Como aponta o New York Times, em
2015 e 2016, o aquecimento planetário foi intensificado pelo modelo climático
conhecido como El Niño, no qual o Oceano Pacífico liberou
alta emissão de energia e de vapor da água na atmosfera. Mas o fator mais
importante em produzir records está
na tendência de longo prazo de alça nas
temperaturas, que segundo os cientistas está sendo determinada por níveis
crescentes de dióxido de carbono (gás
carbônico) e outros gases de estufa.
A onda de calor, portanto, nós a
sentimos no Rio de Janeiro, com a repetição de temperaturas cada vez mais altas
e mais incômodas para o comum dos mortais. No entanto, é no Ártico em que essa
elevação tem resultados cada vez mais sérios e, mesmo, dramáticos.

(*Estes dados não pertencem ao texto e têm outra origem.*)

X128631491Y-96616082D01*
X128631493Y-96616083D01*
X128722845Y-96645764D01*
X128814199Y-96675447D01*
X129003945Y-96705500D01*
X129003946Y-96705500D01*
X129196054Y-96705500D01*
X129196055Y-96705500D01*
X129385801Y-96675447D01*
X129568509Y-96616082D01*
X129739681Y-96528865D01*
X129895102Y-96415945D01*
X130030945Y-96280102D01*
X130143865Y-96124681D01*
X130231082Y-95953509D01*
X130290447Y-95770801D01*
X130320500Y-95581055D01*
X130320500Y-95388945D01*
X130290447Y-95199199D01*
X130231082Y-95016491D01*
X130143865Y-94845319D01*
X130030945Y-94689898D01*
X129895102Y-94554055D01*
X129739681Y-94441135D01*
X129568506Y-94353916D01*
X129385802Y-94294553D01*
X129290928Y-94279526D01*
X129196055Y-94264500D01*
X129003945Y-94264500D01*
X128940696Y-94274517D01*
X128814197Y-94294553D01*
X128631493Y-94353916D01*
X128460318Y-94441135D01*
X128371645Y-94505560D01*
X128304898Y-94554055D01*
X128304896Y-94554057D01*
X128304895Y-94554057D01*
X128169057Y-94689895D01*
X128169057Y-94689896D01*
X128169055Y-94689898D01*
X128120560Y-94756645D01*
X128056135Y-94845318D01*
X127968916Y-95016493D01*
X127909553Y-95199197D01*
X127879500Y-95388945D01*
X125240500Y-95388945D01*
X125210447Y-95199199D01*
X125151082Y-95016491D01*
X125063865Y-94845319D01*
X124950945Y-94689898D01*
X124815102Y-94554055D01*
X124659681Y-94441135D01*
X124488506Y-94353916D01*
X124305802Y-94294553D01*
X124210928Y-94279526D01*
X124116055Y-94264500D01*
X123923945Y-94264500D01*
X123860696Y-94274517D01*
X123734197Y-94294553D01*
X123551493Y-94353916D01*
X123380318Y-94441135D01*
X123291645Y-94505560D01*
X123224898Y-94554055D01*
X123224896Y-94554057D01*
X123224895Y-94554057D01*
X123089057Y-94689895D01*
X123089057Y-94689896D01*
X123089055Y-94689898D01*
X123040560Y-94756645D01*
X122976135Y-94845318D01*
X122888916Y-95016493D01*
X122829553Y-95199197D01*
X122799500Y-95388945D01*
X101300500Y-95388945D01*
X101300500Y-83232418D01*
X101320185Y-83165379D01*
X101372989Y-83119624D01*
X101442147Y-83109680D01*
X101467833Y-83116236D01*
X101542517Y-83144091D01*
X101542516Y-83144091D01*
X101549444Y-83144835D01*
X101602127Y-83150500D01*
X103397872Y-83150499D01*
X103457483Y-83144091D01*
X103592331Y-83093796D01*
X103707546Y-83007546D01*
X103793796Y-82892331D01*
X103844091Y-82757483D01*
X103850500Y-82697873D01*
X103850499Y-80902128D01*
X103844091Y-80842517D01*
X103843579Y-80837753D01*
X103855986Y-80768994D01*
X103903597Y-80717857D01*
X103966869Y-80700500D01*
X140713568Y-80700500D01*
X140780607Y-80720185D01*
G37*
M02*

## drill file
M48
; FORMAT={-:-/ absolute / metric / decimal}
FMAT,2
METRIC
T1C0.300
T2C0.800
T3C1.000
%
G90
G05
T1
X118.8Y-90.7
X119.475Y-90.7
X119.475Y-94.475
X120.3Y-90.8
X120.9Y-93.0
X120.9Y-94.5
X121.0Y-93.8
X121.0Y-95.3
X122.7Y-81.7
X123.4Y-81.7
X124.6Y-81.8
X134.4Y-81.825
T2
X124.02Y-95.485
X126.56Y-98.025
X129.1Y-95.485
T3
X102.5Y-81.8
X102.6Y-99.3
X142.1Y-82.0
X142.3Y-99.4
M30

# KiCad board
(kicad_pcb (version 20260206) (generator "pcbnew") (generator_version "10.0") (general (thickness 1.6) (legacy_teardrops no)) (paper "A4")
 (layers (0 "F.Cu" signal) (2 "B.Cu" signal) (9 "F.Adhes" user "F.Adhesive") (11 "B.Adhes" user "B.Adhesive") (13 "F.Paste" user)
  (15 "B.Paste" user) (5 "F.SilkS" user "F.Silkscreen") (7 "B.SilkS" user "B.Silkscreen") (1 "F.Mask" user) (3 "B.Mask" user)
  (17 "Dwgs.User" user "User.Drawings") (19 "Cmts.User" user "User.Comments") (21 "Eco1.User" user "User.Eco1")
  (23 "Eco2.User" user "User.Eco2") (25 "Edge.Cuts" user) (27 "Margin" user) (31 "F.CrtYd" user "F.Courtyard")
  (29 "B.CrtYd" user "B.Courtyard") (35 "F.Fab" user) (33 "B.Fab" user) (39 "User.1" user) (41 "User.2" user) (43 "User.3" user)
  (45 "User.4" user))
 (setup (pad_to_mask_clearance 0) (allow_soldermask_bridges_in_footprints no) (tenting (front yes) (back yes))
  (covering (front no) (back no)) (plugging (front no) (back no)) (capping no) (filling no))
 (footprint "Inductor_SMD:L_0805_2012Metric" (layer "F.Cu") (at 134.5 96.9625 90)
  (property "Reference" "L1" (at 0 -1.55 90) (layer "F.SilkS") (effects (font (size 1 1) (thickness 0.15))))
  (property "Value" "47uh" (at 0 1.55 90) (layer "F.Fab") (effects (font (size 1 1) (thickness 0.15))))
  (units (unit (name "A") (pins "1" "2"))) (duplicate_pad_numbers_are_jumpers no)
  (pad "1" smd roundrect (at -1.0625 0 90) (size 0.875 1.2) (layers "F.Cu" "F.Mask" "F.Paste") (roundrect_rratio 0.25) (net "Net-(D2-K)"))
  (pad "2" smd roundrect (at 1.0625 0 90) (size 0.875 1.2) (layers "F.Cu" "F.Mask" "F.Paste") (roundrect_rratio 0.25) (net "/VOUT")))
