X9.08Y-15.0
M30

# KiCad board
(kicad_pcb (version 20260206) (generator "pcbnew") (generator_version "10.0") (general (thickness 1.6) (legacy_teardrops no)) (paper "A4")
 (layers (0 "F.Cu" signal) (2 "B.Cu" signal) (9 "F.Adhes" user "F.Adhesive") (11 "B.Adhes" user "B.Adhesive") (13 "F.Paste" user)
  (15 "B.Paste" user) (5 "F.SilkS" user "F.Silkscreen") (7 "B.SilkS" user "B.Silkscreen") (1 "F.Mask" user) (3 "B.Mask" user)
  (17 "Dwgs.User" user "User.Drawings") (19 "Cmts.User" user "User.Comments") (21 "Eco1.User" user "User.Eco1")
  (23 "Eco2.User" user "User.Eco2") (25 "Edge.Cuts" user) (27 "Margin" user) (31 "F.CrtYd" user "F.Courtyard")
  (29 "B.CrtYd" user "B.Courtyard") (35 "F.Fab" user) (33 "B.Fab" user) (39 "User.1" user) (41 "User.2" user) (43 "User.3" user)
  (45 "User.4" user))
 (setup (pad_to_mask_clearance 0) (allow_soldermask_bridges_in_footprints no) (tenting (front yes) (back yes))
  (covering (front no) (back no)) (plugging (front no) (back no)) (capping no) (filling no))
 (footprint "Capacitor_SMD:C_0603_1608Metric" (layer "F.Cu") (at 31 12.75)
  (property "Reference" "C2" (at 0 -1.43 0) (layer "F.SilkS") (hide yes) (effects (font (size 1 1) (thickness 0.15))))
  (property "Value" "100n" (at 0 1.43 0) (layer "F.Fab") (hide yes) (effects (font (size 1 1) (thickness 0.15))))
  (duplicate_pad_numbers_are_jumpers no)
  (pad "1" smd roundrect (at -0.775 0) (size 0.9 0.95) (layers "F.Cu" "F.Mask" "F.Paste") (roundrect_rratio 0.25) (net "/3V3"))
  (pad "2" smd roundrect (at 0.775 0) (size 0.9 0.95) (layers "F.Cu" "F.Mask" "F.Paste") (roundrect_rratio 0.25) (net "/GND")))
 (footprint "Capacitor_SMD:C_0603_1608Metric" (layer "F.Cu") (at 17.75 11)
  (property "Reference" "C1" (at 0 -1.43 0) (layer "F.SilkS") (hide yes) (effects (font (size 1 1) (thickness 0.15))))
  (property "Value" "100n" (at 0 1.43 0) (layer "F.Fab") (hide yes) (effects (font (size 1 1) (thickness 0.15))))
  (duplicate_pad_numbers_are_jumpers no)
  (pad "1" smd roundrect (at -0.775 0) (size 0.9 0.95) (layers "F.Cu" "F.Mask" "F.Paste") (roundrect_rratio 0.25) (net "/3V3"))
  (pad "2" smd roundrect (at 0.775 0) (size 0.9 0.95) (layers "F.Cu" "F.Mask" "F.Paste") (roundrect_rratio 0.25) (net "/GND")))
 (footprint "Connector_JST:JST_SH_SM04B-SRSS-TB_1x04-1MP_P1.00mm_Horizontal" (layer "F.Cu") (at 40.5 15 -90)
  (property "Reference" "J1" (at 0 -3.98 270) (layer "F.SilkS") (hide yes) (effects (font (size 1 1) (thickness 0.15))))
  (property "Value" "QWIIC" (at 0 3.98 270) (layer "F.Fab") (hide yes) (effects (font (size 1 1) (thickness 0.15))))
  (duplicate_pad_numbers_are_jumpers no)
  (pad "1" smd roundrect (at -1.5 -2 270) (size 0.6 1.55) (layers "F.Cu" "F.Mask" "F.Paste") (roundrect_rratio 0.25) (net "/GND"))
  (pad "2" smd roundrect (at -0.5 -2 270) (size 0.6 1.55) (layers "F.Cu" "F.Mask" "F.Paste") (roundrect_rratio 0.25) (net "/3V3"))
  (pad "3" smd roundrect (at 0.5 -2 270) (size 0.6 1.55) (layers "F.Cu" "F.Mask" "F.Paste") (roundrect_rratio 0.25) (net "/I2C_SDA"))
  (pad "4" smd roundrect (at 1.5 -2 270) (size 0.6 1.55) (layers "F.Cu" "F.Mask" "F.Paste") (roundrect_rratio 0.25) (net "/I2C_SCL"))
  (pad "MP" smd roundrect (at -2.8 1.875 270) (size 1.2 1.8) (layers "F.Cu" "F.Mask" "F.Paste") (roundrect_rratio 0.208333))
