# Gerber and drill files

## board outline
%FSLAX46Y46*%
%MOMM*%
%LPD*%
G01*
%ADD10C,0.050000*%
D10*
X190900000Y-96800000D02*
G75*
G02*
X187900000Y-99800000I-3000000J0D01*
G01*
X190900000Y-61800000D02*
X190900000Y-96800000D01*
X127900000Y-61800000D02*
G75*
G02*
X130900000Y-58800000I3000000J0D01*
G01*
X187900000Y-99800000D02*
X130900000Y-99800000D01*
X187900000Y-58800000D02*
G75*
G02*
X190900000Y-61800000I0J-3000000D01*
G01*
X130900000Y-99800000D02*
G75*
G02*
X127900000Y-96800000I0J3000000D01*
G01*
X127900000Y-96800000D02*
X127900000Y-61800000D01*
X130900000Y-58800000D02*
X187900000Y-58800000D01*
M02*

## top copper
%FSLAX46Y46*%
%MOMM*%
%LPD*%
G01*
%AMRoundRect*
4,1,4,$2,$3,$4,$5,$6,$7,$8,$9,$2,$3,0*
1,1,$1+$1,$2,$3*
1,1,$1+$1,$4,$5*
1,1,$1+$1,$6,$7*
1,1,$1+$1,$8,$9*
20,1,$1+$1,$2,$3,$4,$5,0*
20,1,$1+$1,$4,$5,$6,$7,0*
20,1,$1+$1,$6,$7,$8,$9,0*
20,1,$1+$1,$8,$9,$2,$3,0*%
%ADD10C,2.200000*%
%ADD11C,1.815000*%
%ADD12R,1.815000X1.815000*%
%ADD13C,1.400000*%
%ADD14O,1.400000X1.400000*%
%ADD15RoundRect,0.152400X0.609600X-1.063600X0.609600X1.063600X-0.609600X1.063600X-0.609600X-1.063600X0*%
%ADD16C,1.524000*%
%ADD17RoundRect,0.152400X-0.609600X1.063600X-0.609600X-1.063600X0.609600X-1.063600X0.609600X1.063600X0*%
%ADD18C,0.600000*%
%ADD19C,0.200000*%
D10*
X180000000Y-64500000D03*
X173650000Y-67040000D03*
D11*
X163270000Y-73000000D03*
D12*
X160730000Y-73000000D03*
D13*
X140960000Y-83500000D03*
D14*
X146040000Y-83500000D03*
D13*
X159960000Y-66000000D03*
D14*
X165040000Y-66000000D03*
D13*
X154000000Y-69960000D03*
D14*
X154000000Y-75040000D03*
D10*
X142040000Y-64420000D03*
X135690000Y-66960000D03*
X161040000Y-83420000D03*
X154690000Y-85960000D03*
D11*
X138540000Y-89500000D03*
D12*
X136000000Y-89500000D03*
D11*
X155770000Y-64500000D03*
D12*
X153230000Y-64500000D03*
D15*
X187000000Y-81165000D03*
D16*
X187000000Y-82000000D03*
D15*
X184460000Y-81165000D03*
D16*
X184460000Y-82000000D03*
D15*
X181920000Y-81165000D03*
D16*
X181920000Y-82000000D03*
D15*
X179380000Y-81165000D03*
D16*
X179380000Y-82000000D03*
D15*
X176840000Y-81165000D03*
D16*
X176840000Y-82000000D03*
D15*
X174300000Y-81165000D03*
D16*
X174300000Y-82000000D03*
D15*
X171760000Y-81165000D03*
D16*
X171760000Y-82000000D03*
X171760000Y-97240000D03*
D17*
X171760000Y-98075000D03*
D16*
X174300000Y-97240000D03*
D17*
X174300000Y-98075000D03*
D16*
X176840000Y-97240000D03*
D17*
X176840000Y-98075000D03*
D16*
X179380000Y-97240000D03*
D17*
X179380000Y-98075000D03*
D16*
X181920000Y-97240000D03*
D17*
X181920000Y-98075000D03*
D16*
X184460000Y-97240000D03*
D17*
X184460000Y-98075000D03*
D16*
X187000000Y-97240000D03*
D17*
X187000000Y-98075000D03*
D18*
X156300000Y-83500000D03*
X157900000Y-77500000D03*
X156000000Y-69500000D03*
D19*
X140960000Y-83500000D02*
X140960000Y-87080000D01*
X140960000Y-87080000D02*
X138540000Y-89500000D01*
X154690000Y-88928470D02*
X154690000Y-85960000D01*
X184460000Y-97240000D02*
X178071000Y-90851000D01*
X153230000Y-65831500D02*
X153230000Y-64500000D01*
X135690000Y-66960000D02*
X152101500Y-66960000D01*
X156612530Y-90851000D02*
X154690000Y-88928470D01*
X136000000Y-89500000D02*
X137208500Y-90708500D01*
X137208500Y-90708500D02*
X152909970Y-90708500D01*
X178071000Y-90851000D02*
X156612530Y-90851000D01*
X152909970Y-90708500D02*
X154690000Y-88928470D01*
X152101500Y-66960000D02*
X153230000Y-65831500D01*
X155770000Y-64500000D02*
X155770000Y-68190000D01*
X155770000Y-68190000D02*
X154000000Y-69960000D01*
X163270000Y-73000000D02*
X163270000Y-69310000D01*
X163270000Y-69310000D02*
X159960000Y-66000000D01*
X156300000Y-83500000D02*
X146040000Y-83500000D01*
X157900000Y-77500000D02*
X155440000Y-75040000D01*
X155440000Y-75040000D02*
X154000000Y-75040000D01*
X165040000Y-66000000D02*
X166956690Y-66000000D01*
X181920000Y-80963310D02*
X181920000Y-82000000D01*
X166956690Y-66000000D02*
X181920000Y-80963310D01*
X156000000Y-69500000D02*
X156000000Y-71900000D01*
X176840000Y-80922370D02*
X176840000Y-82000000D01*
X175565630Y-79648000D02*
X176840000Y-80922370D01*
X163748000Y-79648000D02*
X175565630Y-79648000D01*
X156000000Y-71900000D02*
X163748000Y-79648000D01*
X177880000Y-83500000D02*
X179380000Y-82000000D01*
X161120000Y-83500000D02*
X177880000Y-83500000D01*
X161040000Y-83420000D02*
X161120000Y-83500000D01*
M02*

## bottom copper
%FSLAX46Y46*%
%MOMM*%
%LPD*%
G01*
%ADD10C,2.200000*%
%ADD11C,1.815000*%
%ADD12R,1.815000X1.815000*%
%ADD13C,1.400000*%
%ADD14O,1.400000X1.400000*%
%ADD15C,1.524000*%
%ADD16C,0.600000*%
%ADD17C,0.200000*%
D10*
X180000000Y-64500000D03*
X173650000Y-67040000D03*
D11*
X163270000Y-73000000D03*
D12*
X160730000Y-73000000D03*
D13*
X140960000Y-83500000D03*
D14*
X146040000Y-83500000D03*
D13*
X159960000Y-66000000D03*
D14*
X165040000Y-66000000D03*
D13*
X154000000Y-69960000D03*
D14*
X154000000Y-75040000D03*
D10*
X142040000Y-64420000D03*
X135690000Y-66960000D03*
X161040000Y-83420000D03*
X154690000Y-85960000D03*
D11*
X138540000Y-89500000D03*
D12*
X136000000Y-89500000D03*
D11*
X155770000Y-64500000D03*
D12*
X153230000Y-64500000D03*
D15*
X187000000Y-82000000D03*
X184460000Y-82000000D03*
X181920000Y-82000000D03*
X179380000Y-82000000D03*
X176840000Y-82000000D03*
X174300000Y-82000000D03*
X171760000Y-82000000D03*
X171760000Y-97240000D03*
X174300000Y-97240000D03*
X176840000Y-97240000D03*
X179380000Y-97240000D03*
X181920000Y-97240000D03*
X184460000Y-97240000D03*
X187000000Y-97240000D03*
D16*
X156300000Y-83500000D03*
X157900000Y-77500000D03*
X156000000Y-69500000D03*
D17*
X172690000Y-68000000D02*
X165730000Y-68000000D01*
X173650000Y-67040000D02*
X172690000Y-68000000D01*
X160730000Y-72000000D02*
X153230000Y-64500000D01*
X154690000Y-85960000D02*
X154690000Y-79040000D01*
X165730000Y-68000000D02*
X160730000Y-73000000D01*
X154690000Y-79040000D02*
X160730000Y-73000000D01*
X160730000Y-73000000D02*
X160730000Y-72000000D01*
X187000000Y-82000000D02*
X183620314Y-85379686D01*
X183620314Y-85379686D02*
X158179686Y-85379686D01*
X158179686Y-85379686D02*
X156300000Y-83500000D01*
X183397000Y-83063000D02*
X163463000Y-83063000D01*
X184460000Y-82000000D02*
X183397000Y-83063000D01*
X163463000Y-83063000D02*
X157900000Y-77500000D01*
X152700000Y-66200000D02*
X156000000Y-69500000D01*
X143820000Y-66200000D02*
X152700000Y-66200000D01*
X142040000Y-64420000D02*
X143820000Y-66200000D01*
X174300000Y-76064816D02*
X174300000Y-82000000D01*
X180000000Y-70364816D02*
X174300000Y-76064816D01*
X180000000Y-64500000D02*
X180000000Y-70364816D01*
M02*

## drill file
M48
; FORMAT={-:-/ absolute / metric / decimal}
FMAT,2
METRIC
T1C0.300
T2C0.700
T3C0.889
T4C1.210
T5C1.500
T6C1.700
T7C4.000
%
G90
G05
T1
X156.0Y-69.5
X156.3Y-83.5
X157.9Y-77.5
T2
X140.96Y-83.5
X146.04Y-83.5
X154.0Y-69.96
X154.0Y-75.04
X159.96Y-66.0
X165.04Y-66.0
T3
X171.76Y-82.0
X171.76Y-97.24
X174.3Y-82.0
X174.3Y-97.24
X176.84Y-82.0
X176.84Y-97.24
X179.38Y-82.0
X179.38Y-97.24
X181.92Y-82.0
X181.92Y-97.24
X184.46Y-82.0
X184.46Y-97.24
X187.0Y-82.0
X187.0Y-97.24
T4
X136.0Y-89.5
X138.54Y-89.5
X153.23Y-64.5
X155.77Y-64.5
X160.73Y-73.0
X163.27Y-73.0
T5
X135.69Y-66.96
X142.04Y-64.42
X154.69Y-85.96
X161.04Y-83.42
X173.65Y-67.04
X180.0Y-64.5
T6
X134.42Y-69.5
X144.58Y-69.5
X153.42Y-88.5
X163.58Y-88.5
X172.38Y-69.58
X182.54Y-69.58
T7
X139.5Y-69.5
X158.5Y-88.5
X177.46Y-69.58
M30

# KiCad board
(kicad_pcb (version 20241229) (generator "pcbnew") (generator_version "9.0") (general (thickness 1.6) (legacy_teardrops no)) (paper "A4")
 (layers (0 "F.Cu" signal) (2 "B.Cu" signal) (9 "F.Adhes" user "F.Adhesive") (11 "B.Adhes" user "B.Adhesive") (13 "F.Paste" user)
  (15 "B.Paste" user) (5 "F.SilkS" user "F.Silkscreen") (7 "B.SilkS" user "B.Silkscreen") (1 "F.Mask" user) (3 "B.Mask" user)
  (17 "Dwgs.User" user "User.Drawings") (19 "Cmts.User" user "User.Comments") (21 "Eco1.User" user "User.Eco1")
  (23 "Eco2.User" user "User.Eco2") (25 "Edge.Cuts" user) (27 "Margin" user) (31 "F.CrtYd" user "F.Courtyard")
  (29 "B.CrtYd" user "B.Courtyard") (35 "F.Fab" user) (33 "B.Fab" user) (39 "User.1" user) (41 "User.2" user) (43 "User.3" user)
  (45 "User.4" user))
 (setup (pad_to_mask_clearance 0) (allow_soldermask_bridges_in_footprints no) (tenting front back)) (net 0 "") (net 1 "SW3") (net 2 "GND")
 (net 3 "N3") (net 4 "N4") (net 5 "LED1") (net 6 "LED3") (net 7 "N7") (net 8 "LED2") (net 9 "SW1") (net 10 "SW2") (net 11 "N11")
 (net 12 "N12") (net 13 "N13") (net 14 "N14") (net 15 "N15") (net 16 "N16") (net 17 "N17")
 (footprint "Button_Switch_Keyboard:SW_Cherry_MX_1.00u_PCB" (layer "F.Cu") (at 180 64.5)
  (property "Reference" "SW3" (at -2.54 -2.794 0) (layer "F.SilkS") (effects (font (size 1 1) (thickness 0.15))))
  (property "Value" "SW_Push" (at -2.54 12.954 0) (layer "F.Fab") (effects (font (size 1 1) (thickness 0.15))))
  (pad "" np_thru_hole circle (at -7.62 5.08) (size 1.7 1.7) (drill 1.7) (layers "*.Cu" "*.Mask"))
  (pad "" np_thru_hole circle (at -2.54 5.08) (size 4 4) (drill 4) (layers "*.Cu" "*.Mask"))
  (pad "" np_thru_hole circle (at 2.54 5.08) (size 1.7 1.7) (drill 1.7) (layers "*.Cu" "*.Mask"))
  (pad "1" thru_hole circle (at 0 0) (size 2.2 2.2) (drill 1.5) (layers "*.Cu" "*.Mask") (remove_unused_layers no) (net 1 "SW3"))
  (pad "2" thru_hole circle (at -6.35 2.54) (size 2.2 2.2) (drill 1.5) (layers "*.Cu" "*.Mask") (remove_unused_layers no) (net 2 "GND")))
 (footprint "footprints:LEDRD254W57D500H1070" (layer "F.Cu") (at 162 73)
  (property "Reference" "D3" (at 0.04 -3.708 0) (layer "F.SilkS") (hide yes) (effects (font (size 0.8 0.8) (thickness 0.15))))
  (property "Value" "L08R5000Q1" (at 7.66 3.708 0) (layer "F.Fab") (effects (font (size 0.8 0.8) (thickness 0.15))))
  (pad "A" thru_hole circle (at 1.27 0) (size 1.815 1.815) (drill 1.21) (layers "*.Cu" "*.Mask") (remove_unused_layers no) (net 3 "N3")
   (solder_mask_margin 0.102))
  (pad "C" thru_hole rect (at -1.27 0) (size 1.815 1.815) (drill 1.21) (layers "*.Cu" "*.Mask") (remove_unused_layers no) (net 2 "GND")
   (solder_mask_margin 0.102)))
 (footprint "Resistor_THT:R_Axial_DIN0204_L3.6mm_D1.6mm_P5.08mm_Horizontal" (layer "F.Cu") (at 140.96 83.5)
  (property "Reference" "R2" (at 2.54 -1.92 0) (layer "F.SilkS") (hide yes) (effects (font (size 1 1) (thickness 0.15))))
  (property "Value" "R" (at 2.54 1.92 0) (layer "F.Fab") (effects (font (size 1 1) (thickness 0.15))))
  (pad "1" thru_hole circle (at 0 0) (size 1.4 1.4) (drill 0.7) (layers "*.Cu" "*.Mask") (remove_unused_layers no) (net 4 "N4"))
  (pad "2" thru_hole oval (at 5.08 0) (size 1.4 1.4) (drill 0.7) (layers "*.Cu" "*.Mask") (remove_unused_layers no) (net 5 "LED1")))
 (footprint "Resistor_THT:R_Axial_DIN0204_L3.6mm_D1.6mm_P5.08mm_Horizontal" (layer "F.Cu") (at 159.96 66)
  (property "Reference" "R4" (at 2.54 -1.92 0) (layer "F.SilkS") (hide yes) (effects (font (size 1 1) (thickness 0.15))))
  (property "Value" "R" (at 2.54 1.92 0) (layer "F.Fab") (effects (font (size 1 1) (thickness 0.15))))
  (pad "1" thru_hole circle (at 0 0) (size 1.4 1.4) (drill 0.7) (layers "*.Cu" "*.Mask") (remove_unused_layers no) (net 3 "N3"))
  (pad "2" thru_hole oval (at 5.08 0) (size 1.4 1.4) (drill 0.7) (layers "*.Cu" "*.Mask") (remove_unused_layers no) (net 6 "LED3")))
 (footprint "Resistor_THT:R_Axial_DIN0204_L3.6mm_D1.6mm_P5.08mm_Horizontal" (layer "F.Cu") (at 154 69.96 -90)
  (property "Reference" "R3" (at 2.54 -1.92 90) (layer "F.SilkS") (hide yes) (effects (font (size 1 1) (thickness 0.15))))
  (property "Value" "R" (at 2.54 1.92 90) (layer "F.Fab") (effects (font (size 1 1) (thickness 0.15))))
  (pad "1" thru_hole circle (at 0 0 270) (size 1.4 1.4) (drill 0.7) (layers "*.Cu" "*.Mask") (remove_unused_layers no) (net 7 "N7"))
  (pad "2" thru_hole oval (at 5.08 0 270) (size 1.4 1.4) (drill 0.7) (layers "*.Cu" "*.Mask") (remove_unused_layers no) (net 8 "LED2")))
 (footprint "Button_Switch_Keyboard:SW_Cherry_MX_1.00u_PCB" (layer "F.Cu") (at 142.04 64.42)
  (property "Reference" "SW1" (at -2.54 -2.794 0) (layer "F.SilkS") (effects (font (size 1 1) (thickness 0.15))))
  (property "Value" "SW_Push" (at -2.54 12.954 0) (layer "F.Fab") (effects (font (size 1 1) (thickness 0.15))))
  (pad "" np_thru_hole circle (at -7.62 5.08) (size 1.7 1.7) (drill 1.7) (layers "*.Cu" "*.Mask"))
  (pad "" np_thru_hole circle (at -2.54 5.08) (size 4 4) (drill 4) (layers "*.Cu" "*.Mask"))
  (pad "" np_thru_hole circle (at 2.54 5.08) (size 1.7 1.7) (drill 1.7) (layers "*.Cu" "*.Mask"))
  (pad "1" thru_hole circle (at 0 0) (size 2.2 2.2) (drill 1.5) (layers "*.Cu" "*.Mask") (remove_unused_layers no) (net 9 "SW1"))
  (pad "2" thru_hole circle (at -6.35 2.54) (size 2.2 2.2) (drill 1.5) (layers "*.Cu" "*.Mask") (remove_unused_layers no) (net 2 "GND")))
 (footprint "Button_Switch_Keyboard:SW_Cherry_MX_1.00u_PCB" (layer "F.Cu") (at 161.04 83.42)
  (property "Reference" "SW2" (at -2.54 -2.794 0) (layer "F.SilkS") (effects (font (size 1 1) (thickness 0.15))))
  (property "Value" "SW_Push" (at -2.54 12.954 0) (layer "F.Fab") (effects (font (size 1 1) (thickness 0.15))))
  (pad "" np_thru_hole circle (at -7.62 5.08) (size 1.7 1.7) (drill 1.7) (layers "*.Cu" "*.Mask"))
  (pad "" np_thru_hole circle (at -2.54 5.08) (size 4 4) (drill 4) (layers "*.Cu" "*.Mask"))
  (pad "" np_thru_hole circle (at 2.54 5.08) (size 1.7 1.7) (drill 1.7) (layers "*.Cu" "*.Mask"))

Não é por acaso que a ligação por
mar se tornou possível durante todo o ano, pela redução do gelo no Ártico de
modo mais dramático. No Atlântico Norte, os icebergs
se desprendem .Também o gelo está derretendo em proporções assustadoras, tanto
na costa, quanto derretendo a Groenlândia, quanto contribuindo para reduzir
gravemente o espaço do urso polar, que se torna existencialmente ameaçado. Além
disso, as focas - que constituem fator alimentar básico para o urso branco -
estão desaparecendo do ambiente polar, o que torna a situação do urso branco
bastante mais precária.
Mas como está tudo interligado, a elevação
do nível dos oceanos têm sérias consequências para os países já ameaçados, como
as ilhas do Índico e do Pacífico, e em seguida, nessa cadeia interconectada,
com o Atlântico, invadindo as costas (V. Países Baixos, por exemplo), e
afetando a muitos litorais, com a salinização de vastos territórios hoje
expostos, e que deverão ter boa parte de suas fontes hídricas prejudicadas.